Location
- High Lands Road Hadleigh, Suffolk, IP7 5HU England
- Coordinates: 52°02′32″N 0°57′52″E﻿ / ﻿52.042165°N 0.964543°E

Information
- Type: Academy
- Department for Education URN: 136918 Tables
- Ofsted: Reports
- Headteacher: Nicola Shingleton
- Gender: Coeducational
- Age: 11 to 16
- Enrolment: 780
- Houses: Oswald, Ansell, Duncan, Morris, Toppesfield, Guthrum
- Website: http://www.hadleighhigh.net/

= Hadleigh High School =

Hadleigh High School is situated on Highlands Road in Hadleigh, Suffolk, England. It is a secondary school with academy status, and has around 730 pupils aged 11 to 16. It has a specialism in science.

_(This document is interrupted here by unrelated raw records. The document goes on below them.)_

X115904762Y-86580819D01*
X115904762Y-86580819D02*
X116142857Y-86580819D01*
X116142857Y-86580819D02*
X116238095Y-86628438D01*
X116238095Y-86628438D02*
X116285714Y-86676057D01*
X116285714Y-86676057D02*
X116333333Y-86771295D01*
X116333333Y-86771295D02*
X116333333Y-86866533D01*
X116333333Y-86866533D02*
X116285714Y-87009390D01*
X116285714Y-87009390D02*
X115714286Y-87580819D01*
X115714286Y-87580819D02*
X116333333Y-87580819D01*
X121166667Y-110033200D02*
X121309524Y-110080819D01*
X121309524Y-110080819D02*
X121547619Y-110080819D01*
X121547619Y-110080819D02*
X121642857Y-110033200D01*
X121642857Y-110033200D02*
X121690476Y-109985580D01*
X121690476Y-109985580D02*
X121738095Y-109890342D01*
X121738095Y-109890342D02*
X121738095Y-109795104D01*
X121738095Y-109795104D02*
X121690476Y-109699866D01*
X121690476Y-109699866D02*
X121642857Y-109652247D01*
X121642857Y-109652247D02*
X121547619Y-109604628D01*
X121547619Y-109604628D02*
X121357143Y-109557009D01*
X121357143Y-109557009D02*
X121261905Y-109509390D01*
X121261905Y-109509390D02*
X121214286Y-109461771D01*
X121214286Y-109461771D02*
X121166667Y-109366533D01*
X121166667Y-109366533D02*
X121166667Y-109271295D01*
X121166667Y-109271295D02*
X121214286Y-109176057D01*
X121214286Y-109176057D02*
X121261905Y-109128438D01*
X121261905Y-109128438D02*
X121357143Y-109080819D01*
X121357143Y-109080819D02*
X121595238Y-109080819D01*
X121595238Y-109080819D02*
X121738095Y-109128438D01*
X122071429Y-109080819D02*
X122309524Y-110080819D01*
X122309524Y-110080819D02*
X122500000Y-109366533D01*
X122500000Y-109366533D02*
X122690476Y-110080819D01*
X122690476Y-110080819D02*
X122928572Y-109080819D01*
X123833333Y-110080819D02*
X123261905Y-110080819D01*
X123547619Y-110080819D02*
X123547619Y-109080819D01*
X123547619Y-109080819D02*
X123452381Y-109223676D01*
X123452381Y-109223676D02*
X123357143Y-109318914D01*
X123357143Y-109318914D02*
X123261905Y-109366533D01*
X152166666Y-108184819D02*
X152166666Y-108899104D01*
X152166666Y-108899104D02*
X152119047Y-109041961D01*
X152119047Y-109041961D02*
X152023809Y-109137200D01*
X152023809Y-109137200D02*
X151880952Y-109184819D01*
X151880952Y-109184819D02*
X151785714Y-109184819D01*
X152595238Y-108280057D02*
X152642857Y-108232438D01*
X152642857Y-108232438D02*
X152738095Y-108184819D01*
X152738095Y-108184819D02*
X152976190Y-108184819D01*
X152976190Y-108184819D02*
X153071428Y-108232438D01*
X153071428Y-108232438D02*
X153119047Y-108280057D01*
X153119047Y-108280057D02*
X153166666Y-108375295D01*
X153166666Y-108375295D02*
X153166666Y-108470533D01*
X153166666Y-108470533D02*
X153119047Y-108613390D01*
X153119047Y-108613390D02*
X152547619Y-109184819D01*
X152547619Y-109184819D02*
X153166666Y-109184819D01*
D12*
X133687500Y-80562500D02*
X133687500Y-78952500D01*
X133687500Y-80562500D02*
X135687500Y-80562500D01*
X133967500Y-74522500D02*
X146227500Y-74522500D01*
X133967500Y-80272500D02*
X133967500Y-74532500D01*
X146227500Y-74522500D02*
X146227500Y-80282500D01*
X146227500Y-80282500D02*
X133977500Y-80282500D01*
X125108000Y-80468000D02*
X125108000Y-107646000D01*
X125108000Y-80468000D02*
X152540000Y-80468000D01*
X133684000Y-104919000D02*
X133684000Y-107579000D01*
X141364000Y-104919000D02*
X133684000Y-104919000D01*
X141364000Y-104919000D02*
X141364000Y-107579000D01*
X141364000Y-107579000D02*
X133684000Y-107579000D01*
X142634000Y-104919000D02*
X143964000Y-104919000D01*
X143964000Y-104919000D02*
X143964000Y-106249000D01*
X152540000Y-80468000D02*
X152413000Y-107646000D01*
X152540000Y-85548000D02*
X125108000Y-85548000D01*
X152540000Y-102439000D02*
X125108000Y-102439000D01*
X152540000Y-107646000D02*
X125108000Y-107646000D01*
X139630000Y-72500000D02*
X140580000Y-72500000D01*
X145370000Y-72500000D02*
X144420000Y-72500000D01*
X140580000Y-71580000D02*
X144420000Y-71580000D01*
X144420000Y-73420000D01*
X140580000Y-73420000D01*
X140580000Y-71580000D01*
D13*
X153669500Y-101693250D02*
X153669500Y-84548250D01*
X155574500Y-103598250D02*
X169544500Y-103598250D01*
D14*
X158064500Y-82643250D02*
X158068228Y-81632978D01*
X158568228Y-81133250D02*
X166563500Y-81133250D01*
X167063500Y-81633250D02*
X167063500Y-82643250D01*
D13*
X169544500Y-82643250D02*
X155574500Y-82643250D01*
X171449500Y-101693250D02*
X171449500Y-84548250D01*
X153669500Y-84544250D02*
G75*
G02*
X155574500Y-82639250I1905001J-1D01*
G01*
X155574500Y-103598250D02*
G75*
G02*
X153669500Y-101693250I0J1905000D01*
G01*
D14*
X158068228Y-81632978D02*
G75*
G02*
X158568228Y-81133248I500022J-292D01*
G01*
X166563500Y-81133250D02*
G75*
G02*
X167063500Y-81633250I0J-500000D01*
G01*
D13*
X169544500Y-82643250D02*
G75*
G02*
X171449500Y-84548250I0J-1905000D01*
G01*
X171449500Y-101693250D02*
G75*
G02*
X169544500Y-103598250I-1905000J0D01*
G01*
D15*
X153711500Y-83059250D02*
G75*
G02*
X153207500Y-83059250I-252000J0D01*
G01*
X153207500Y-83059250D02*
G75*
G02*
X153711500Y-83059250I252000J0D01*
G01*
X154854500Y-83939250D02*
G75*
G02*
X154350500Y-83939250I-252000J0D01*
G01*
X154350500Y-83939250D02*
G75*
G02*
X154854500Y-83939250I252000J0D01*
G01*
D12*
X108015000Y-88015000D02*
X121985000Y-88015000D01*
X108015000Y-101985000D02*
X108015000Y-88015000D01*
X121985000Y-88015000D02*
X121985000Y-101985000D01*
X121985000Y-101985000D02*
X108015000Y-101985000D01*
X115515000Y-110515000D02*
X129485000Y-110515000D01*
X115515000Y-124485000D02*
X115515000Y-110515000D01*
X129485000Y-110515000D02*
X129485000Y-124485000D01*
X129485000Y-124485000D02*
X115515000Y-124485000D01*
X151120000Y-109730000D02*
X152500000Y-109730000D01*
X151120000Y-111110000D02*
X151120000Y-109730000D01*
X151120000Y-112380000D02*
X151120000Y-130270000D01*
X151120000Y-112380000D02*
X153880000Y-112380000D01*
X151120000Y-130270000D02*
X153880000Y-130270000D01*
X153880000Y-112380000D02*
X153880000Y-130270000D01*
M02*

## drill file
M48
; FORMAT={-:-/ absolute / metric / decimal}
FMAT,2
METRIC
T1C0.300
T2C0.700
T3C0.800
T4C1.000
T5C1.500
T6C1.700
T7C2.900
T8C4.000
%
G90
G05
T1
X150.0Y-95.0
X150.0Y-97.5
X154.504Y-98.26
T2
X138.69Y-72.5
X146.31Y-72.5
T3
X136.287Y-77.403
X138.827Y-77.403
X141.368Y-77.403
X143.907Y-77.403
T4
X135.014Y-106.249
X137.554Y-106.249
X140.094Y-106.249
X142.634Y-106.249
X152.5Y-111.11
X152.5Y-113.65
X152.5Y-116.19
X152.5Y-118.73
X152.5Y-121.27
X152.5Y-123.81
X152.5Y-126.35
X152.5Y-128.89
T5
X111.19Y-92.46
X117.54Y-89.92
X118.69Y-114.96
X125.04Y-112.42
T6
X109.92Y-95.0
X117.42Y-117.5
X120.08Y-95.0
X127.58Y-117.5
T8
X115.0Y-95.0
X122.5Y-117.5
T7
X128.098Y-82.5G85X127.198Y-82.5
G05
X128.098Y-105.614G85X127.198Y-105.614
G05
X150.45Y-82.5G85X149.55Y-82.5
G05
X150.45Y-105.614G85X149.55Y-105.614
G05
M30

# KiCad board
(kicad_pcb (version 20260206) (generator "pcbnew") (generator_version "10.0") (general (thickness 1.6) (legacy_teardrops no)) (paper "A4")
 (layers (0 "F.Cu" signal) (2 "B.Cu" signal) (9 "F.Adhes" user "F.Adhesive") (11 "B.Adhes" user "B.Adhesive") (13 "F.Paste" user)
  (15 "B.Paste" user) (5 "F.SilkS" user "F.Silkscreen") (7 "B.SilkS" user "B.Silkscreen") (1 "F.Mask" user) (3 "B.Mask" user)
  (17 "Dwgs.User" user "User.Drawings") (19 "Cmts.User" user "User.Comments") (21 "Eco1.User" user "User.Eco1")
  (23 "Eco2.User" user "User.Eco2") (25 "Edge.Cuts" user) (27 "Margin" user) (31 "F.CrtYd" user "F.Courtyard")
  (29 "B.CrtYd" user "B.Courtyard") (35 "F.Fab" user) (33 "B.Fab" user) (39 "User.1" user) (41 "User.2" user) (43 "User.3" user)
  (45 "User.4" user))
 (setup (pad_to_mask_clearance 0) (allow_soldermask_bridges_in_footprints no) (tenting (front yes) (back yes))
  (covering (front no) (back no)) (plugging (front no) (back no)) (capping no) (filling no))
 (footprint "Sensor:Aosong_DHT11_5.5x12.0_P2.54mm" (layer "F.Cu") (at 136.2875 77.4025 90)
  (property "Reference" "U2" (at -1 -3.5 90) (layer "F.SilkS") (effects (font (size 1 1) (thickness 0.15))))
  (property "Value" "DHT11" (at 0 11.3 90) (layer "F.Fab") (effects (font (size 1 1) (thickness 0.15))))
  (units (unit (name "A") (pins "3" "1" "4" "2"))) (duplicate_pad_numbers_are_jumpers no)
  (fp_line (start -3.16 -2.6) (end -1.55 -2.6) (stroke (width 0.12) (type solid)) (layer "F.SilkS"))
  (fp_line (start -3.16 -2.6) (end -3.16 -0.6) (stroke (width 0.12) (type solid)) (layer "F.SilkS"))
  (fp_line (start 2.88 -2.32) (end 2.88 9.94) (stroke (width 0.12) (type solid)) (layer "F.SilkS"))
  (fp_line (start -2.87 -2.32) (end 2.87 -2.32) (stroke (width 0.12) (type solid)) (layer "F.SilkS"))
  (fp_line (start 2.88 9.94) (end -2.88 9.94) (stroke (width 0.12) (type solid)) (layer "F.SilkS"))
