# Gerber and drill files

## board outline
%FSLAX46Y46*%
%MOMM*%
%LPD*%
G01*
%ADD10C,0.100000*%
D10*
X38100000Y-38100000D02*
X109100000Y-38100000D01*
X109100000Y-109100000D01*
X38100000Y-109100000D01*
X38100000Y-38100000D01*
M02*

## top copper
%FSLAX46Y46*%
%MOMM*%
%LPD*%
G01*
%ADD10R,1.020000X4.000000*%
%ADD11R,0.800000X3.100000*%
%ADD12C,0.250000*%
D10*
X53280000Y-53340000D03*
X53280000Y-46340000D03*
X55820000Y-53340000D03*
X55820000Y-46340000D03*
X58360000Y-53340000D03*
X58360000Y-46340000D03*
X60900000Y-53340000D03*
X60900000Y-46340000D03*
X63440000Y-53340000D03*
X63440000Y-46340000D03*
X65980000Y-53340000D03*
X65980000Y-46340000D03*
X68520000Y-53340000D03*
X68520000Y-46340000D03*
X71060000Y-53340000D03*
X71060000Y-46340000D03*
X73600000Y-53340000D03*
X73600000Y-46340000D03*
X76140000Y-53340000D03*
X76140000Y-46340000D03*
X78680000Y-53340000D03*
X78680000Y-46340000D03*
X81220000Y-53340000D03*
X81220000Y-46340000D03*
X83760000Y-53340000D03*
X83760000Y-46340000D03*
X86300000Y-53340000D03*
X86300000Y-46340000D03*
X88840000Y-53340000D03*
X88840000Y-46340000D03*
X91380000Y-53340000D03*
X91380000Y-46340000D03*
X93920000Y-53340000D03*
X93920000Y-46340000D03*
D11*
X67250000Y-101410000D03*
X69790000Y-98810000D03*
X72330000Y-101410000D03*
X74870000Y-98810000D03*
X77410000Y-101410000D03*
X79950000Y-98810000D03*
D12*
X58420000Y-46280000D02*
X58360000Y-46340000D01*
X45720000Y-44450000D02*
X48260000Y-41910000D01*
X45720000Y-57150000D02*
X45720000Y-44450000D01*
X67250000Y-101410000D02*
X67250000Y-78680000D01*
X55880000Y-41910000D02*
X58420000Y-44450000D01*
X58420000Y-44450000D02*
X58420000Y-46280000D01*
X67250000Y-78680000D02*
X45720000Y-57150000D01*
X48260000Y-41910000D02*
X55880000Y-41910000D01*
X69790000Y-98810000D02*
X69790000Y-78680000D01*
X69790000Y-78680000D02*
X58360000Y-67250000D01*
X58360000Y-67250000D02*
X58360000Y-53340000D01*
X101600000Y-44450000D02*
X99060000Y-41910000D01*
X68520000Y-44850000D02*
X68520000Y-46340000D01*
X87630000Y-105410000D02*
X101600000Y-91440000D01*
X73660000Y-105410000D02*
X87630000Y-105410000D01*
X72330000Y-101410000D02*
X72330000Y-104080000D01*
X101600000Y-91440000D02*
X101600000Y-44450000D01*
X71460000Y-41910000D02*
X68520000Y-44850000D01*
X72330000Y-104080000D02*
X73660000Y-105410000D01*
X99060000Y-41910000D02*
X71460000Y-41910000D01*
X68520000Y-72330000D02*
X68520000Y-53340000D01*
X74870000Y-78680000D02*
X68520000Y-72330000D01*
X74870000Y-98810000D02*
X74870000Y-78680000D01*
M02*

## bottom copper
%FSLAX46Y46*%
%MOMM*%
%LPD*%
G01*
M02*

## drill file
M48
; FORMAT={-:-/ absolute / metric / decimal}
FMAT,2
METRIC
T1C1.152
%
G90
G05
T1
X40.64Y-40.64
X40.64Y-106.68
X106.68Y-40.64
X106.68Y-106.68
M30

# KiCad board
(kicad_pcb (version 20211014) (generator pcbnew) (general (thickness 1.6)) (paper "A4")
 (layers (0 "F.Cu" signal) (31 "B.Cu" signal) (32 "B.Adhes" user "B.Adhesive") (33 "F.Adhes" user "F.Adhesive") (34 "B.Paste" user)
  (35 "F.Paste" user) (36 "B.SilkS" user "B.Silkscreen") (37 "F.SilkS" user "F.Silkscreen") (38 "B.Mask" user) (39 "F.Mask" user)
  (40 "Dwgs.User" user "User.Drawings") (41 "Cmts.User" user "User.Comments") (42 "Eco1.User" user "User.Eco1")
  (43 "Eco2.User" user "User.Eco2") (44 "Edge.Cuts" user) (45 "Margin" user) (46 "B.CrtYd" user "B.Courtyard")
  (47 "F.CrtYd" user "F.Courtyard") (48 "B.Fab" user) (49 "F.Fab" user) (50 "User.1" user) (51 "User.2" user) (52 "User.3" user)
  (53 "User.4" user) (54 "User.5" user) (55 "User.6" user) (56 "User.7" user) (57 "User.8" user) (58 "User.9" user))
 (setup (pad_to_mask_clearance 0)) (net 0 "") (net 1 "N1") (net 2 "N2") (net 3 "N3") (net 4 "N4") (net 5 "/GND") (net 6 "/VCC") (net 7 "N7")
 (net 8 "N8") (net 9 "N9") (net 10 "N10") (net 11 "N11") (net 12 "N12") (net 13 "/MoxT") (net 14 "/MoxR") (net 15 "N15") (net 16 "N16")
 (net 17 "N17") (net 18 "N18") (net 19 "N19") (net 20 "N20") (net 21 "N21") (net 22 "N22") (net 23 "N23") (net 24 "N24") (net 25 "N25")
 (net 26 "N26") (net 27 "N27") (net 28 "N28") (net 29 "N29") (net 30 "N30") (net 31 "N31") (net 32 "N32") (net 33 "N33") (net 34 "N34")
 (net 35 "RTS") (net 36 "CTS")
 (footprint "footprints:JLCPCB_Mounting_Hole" (layer "F.Cu") (at 106.68 40.64)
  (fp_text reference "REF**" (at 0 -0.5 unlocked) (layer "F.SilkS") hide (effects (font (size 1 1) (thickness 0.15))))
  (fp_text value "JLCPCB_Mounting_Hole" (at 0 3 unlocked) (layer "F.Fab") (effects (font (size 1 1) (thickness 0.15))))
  (pad "" np_thru_hole circle (at 0 0) (size 1.152 1.152) (drill 1.152) (layers F&B.Cu *.Mask) (solder_mask_margin 0.148)))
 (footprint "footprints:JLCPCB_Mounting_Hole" (layer "F.Cu") (at 106.68 106.68)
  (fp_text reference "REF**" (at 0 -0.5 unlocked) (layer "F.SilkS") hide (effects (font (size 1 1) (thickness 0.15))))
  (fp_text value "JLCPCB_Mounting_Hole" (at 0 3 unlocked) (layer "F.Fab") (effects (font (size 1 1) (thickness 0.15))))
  (pad "" np_thru_hole circle (at 0 0) (size 1.152 1.152) (drill 1.152) (layers F&B.Cu *.Mask) (solder_mask_margin 0.148)))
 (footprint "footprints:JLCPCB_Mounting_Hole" (layer "F.Cu") (at 40.64 40.64)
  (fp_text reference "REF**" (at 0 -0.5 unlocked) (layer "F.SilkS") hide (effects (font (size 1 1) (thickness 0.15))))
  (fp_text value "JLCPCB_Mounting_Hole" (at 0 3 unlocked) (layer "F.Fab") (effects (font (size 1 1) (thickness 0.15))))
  (pad "" np_thru_hole circle (at 0 0) (size 1.152 1.152) (drill 1.152) (layers F&B.Cu *.Mask) (solder_mask_margin 0.148)))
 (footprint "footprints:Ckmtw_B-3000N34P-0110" (layer "F.Cu") (at 53.28 53.34)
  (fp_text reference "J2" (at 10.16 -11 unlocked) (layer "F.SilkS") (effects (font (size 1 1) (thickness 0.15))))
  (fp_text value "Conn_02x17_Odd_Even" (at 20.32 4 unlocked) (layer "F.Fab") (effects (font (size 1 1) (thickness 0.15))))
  (pad "1" smd rect (at 0 0) (size 1.02 4) (layers "F.Cu" "F.Paste" "F.Mask") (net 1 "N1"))
  (pad "2" smd rect (at 0 -7) (size 1.02 4) (layers "F.Cu" "F.Paste" "F.Mask") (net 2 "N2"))
  (pad "3" smd rect (at 2.54 0) (size 1.02 4) (layers "F.Cu" "F.Paste" "F.Mask") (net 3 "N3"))
  (pad "4" smd rect (at 2.54 -7) (size 1.02 4) (layers "F.Cu" "F.Paste" "F.Mask") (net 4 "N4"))
  (pad "5" smd rect (at 5.08 0) (size 1.02 4) (layers "F.Cu" "F.Paste" "F.Mask") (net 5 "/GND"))
  (pad "6" smd rect (at 5.08 -7) (size 1.02 4) (layers "F.Cu" "F.Paste" "F.Mask") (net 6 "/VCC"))
  (pad "7" smd rect (at 7.62 0) (size 1.02 4) (layers "F.Cu" "F.Paste" "F.Mask") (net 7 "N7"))
  (pad "8" smd rect (at 7.62 -7) (size 1.02 4) (layers "F.Cu" "F.Paste" "F.Mask") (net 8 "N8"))
  (pad "9" smd rect (at 10.16 0) (size 1.02 4) (layers "F.Cu" "F.Paste" "F.Mask") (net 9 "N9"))
  (pad "10" smd rect (at 10.16 -7) (size 1.02 4) (layers "F.Cu" "F.Paste" "F.Mask") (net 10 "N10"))
  (pad "11" smd rect (at 12.7 0) (size 1.02 4) (layers "F.Cu" "F.Paste" "F.Mask") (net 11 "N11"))
  (pad "12" smd rect (at 12.7 -7) (size 1.02 4) (layers "F.Cu" "F.Paste" "F.Mask") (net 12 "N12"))
  (pad "13" smd rect (at 15.24 0) (size 1.02 4) (layers "F.Cu" "F.Paste" "F.Mask") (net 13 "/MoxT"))
  (pad "14" smd rect (at 15.24 -7) (size 1.02 4) (layers "F.Cu" "F.Paste" "F.Mask") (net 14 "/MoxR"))
  (pad "15" smd rect (at 17.78 0) (size 1.02 4) (layers "F.Cu" "F.Paste" "F.Mask") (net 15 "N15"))
  (pad "16" smd rect (at 17.78 -7) (size 1.02 4) (layers "F.Cu" "F.Paste" "F.Mask") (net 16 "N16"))
  (pad "17" smd rect (at 20.32 0) (size 1.02 4) (layers "F.Cu" "F.Paste" "F.Mask") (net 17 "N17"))
  (pad "18" smd rect (at 20.32 -7) (size 1.02 4) (layers "F.Cu" "F.Paste" "F.Mask") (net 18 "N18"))
  (pad "19" smd rect (at 22.86 0) (size 1.02 4) (layers "F.Cu" "F.Paste" "F.Mask") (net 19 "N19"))
  (pad "20" smd rect (at 22.86 -7) (size 1.02 4) (layers "F.Cu" "F.Paste" "F.Mask") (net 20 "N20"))
  (pad "21" smd rect (at 25.4 0) (size 1.02 4) (layers "F.Cu" "F.Paste" "F.Mask") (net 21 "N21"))
  (pad "22" smd rect (at 25.4 -7) (size 1.02 4) (layers "F.Cu" "F.Paste" "F.Mask") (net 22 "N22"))
  (pad "23" smd rect (at 27.94 0) (size 1.02 4) (layers "F.Cu" "F.Paste" "F.Mask") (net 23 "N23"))
  (pad "24" smd rect (at 27.94 -7) (size 1.02 4) (layers "F.Cu" "F.Paste" "F.Mask") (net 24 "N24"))
  (pad "25" smd rect (at 30.48 0) (size 1.02 4) (layers "F.Cu" "F.Paste" "F.Mask") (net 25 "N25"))
  (pad "26" smd rect (at 30.48 -7) (size 1.02 4) (layers "F.Cu" "F.Paste" "F.Mask") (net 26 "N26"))
  (pad "27" smd rect (at 33.02 0) (size 1.02 4) (layers "F.Cu" "F.Paste" "F.Mask") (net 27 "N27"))
  (pad "28" smd rect (at 33.02 -7) (size 1.02 4) (layers "F.Cu" "F.Paste" "F.Mask") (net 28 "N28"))
  (pad "29" smd rect (at 35.56 0) (size 1.02 4) (layers "F.Cu" "F.Paste" "F.Mask") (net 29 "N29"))
  (pad "30" smd rect (at 35.56 -7) (size 1.02 4) (layers "F.Cu" "F.Paste" "F.Mask") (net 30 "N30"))
  (pad "31" smd rect (at 38.1 0) (size 1.02 4) (layers "F.Cu" "F.Paste" "F.Mask") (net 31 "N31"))
  (pad "32" smd rect (at 38.1 -7) (size 1.02 4) (layers "F.Cu" "F.Paste" "F.Mask") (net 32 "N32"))
  (pad "33" smd rect (at 40.64 0) (size 1.02 4) (layers "F.Cu" "F.Paste" "F.Mask") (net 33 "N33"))
  (pad "34" smd rect (at 40.64 -7) (size 1.02 4) (layers "F.Cu" "F.Paste" "F.Mask") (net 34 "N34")))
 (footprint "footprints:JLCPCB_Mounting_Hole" (layer "F.Cu") (at 40.64 106.68)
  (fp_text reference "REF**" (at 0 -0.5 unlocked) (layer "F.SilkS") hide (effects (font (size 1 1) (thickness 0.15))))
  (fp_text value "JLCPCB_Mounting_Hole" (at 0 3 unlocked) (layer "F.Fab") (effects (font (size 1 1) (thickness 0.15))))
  (pad "" np_thru_hole circle (at 0 0) (size 1.152 1.152) (drill 1.152) (layers F&B.Cu *.Mask) (solder_mask_margin 0.148)))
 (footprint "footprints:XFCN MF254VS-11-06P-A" (layer "F.Cu") (at 67.25 101.41)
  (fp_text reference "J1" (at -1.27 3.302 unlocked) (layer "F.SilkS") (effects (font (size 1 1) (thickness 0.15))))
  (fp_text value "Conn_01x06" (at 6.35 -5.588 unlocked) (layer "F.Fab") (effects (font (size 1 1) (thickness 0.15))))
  (pad "1" smd rect (at 0 0) (size 0.8 3.1) (layers "F.Cu" "F.Paste" "F.Mask") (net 6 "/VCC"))
  (pad "2" smd rect (at 2.54 -2.6) (size 0.8 3.1) (layers "F.Cu" "F.Paste" "F.Mask") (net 5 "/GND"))
  (pad "3" smd rect (at 5.08 0) (size 0.8 3.1) (layers "F.Cu" "F.Paste" "F.Mask") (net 14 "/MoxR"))
  (pad "4" smd rect (at 7.62 -2.6) (size 0.8 3.1) (layers "F.Cu" "F.Paste" "F.Mask") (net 13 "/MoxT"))
  (pad "5" smd rect (at 10.16 0) (size 0.8 3.1) (layers "F.Cu" "F.Paste" "F.Mask") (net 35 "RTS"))
  (pad "6" smd rect (at 12.7 -2.6) (size 0.8 3.1) (layers "F.Cu" "F.Paste" "F.Mask") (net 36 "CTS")))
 (gr_rect (start 38.1 38.1) (end 109.1 109.1) (layer "Edge.Cuts") (width 0.1) (fill none))
 (segment (start 58.42 46.28) (end 58.36 46.34) (width 0.25) (layer "F.Cu") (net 6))
 (segment (start 45.72 44.45) (end 48.26 41.91) (width 0.25) (layer "F.Cu") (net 6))
 (segment (start 45.72 57.15) (end 45.72 44.45) (width 0.25) (layer "F.Cu") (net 6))
 (segment (start 67.25 101.41) (end 67.25 78.68) (width 0.25) (layer "F.Cu") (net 6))
 (segment (start 55.88 41.91) (end 58.42 44.45) (width 0.25) (layer "F.Cu") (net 6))
 (segment (start 58.42 44.45) (end 58.42 46.28) (width 0.25) (layer "F.Cu") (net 6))
 (segment (start 67.25 78.68) (end 45.72 57.15) (width 0.25) (layer "F.Cu") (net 6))
 (segment (start 48.26 41.91) (end 55.88 41.91) (width 0.25) (layer "F.Cu") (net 6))
 (segment (start 69.79 98.81) (end 69.79 78.68) (width 0.25) (layer "F.Cu") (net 5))
 (segment (start 69.79 78.68) (end 58.36 67.25) (width 0.25) (layer "F.Cu") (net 5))
 (segment (start 58.36 67.25) (end 58.36 53.34) (width 0.25) (layer "F.Cu") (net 5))
 (segment (start 101.6 44.45) (end 99.06 41.91) (width 0.25) (layer "F.Cu") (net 14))
 (segment (start 68.52 44.85) (end 68.52 46.34) (width 0.25) (layer "F.Cu") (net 14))
 (segment (start 87.63 105.41) (end 101.6 91.44) (width 0.25) (layer "F.Cu") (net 14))
 (segment (start 73.66 105.41) (end 87.63 105.41) (width 0.25) (layer "F.Cu") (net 14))
 (segment (start 72.33 101.41) (end 72.33 104.08) (width 0.25) (layer "F.Cu") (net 14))
 (segment (start 101.6 91.44) (end 101.6 44.45) (width 0.25) (layer "F.Cu") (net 14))
 (segment (start 71.46 41.91) (end 68.52 44.85) (width 0.25) (layer "F.Cu") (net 14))
 (segment (start 72.33 104.08) (end 73.66 105.41) (width 0.25) (layer "F.Cu") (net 14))
 (segment (start 99.06 41.91) (end 71.46 41.91) (width 0.25) (layer "F.Cu") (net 14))
 (segment (start 68.52 72.33) (end 68.52 53.34) (width 0.25) (layer "F.Cu") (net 13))
 (segment (start 74.87 78.68) (end 68.52 72.33) (width 0.25) (layer "F.Cu") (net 13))
 (segment (start 74.87 98.81) (end 74.87 78.68) (width 0.25) (layer "F.Cu") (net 13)))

The school upheld its 'good' rating from Ofsted, following a short inspection in 2019. This has been held since Ofsted's first 'full' inspection in 2012.

==History==

In 2023 the school was found to have potentially structurally unsound buildings due to the use of reinforced autoclaved aerated concrete as a building material.

==Awards==
Before the school breaks up for the Easter Holidays, the school holds an awards ceremony during the End of Term Assembly, giving out many awards for outstanding achievement during the year. These awards mostly go to Year Eleven students. Awards include Academic Honours in particular subjects, the Bayliss Award for Drama, the Lady Burton Cup for Outstanding Individual Achievement and the School English Award for excellent achievement in English. Other awards are also available throughout the year, including the school's own recognition of sporting achievement in the 'colour' and 'half colour' system, where pupils may be awarded in sports in which they excel.

==Sixth form==
The school does not have a sixth form attached to it. Because of this the large majority of students that want to pursue Further Education continue to Colchester Sixth Form College, Northgate Sixth Form, Thomas Gainsborough School, Colchester Royal Grammar School, Suffolk New College or One.